_To do_
Show each line of the records below where the word "CrtYd" occurs.

[Saved entries]
* * *
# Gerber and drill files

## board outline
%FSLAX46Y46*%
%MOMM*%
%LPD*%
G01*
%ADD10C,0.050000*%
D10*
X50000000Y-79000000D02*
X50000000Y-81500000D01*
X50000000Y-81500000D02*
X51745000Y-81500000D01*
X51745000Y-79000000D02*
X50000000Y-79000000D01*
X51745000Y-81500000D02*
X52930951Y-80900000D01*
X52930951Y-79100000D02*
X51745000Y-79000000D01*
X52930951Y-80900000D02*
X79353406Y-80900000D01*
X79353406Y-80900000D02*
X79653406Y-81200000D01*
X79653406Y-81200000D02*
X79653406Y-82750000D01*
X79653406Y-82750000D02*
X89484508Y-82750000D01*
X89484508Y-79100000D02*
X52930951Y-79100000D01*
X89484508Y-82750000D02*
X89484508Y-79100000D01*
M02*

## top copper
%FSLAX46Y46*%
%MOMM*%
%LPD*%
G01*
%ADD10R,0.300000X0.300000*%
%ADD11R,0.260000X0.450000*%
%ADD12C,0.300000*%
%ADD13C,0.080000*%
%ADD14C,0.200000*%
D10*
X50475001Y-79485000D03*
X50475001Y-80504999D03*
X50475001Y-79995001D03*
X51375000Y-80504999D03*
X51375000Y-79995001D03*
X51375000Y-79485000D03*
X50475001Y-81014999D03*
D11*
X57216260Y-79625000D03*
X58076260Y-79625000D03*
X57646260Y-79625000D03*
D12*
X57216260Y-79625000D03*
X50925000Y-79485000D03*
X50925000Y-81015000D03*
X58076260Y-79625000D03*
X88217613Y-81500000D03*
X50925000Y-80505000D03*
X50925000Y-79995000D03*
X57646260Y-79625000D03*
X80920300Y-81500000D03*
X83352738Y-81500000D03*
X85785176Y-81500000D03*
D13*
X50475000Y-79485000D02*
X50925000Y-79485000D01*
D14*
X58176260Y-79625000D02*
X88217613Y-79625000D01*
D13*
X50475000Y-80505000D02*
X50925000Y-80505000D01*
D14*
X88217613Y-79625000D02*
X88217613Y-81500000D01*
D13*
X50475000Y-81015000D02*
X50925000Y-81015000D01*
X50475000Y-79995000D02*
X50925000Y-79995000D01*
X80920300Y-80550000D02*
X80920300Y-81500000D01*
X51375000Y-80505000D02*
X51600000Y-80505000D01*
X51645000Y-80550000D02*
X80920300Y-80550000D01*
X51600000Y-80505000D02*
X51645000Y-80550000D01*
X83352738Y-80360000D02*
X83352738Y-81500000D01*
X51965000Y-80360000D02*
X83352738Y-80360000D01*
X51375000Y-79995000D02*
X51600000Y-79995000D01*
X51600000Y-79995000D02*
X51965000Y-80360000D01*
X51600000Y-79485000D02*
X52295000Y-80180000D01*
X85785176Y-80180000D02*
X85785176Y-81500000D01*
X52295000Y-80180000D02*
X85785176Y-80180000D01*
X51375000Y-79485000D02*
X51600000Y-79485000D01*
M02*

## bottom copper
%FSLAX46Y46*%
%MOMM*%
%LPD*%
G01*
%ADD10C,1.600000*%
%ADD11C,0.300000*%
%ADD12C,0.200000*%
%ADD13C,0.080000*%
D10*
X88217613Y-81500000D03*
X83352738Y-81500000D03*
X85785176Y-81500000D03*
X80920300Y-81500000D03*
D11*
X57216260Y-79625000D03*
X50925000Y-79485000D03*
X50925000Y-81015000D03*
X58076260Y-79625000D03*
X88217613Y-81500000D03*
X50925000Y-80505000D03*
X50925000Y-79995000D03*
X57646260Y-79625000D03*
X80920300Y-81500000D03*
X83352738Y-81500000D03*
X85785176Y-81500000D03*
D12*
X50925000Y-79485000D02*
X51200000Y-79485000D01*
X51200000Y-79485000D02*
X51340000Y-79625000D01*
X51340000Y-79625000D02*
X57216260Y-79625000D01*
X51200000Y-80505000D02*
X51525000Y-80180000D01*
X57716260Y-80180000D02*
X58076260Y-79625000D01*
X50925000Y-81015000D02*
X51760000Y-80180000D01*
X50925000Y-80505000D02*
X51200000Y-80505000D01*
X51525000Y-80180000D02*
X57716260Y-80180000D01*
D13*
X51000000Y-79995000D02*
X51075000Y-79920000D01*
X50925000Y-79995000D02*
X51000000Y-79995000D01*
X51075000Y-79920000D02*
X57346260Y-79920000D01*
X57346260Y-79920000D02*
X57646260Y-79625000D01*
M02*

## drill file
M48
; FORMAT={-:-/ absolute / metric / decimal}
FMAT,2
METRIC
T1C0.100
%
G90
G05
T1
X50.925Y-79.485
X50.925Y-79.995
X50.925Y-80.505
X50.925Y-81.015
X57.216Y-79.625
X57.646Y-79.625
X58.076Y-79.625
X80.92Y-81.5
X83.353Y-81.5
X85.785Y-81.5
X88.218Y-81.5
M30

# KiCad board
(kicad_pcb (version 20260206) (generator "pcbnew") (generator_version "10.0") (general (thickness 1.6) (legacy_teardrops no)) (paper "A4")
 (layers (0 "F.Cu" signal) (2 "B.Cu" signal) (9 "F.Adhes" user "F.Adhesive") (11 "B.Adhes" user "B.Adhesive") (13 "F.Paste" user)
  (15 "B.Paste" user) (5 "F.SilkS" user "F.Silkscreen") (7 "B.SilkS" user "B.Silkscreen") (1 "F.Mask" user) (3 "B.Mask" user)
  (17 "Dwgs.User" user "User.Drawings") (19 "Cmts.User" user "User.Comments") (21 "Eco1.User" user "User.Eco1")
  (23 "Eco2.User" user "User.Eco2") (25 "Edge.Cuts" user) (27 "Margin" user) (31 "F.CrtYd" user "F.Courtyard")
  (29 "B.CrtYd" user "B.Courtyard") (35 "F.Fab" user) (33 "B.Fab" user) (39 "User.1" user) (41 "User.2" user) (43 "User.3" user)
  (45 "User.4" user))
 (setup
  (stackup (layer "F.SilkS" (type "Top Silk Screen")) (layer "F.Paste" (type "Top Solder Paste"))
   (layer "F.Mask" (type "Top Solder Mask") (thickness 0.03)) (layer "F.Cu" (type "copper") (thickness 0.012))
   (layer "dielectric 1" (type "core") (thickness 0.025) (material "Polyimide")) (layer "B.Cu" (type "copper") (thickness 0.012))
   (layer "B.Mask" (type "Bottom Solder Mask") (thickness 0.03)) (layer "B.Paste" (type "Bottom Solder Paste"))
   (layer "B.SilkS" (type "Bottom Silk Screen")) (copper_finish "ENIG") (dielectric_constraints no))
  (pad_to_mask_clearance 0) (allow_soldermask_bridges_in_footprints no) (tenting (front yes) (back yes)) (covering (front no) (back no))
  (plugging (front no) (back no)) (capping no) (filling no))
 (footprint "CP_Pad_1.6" (layer "F.Cu") (at 83.352738 81.5)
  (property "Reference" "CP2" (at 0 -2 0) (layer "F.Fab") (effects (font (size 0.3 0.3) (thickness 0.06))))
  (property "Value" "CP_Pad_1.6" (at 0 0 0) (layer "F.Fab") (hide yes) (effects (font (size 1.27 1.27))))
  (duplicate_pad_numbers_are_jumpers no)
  (pad "1" smd circle (at 0 0) (size 1.6 1.6) (layers "B.Cu" "B.Mask") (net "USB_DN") (solder_mask_margin 0.1)))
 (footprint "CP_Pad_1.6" (layer "F.Cu") (at 80.9203 81.5)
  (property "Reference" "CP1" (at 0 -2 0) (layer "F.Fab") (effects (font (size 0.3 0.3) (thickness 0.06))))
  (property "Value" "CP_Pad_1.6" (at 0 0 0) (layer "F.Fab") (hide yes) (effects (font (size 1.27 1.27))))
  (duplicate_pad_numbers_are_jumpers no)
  (pad "1" smd circle (at 0 0) (size 1.6 1.6) (layers "B.Cu" "B.Mask") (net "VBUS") (solder_mask_margin 0.1)))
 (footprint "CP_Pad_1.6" (layer "F.Cu") (at 85.785176 81.5)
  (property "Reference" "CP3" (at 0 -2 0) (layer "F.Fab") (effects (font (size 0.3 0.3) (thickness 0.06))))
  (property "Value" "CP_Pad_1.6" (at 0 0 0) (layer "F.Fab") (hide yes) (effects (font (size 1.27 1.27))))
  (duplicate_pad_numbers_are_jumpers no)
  (pad "1" smd circle (at 0 0) (size 1.6 1.6) (layers "B.Cu" "B.Mask") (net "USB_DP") (solder_mask_margin 0.1)))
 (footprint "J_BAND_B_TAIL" (layer "F.Cu") (at 50.9 80.25)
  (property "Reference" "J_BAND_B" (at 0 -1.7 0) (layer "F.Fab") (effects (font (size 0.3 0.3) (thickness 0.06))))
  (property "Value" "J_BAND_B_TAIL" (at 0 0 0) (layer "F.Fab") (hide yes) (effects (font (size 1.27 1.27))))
* * *
_Solution to the exercise_
  (23 "Eco2.User" user "User.Eco2") (25 "Edge.Cuts" user) (27 "Margin" user) (31 "F.CrtYd" user "F.Courtyard")
  (29 "B.CrtYd" user "B.Courtyard") (35 "F.Fab" user) (33 "B.Fab" user) (39 "User.1" user) (41 "User.2" user) (43 "User.3" user)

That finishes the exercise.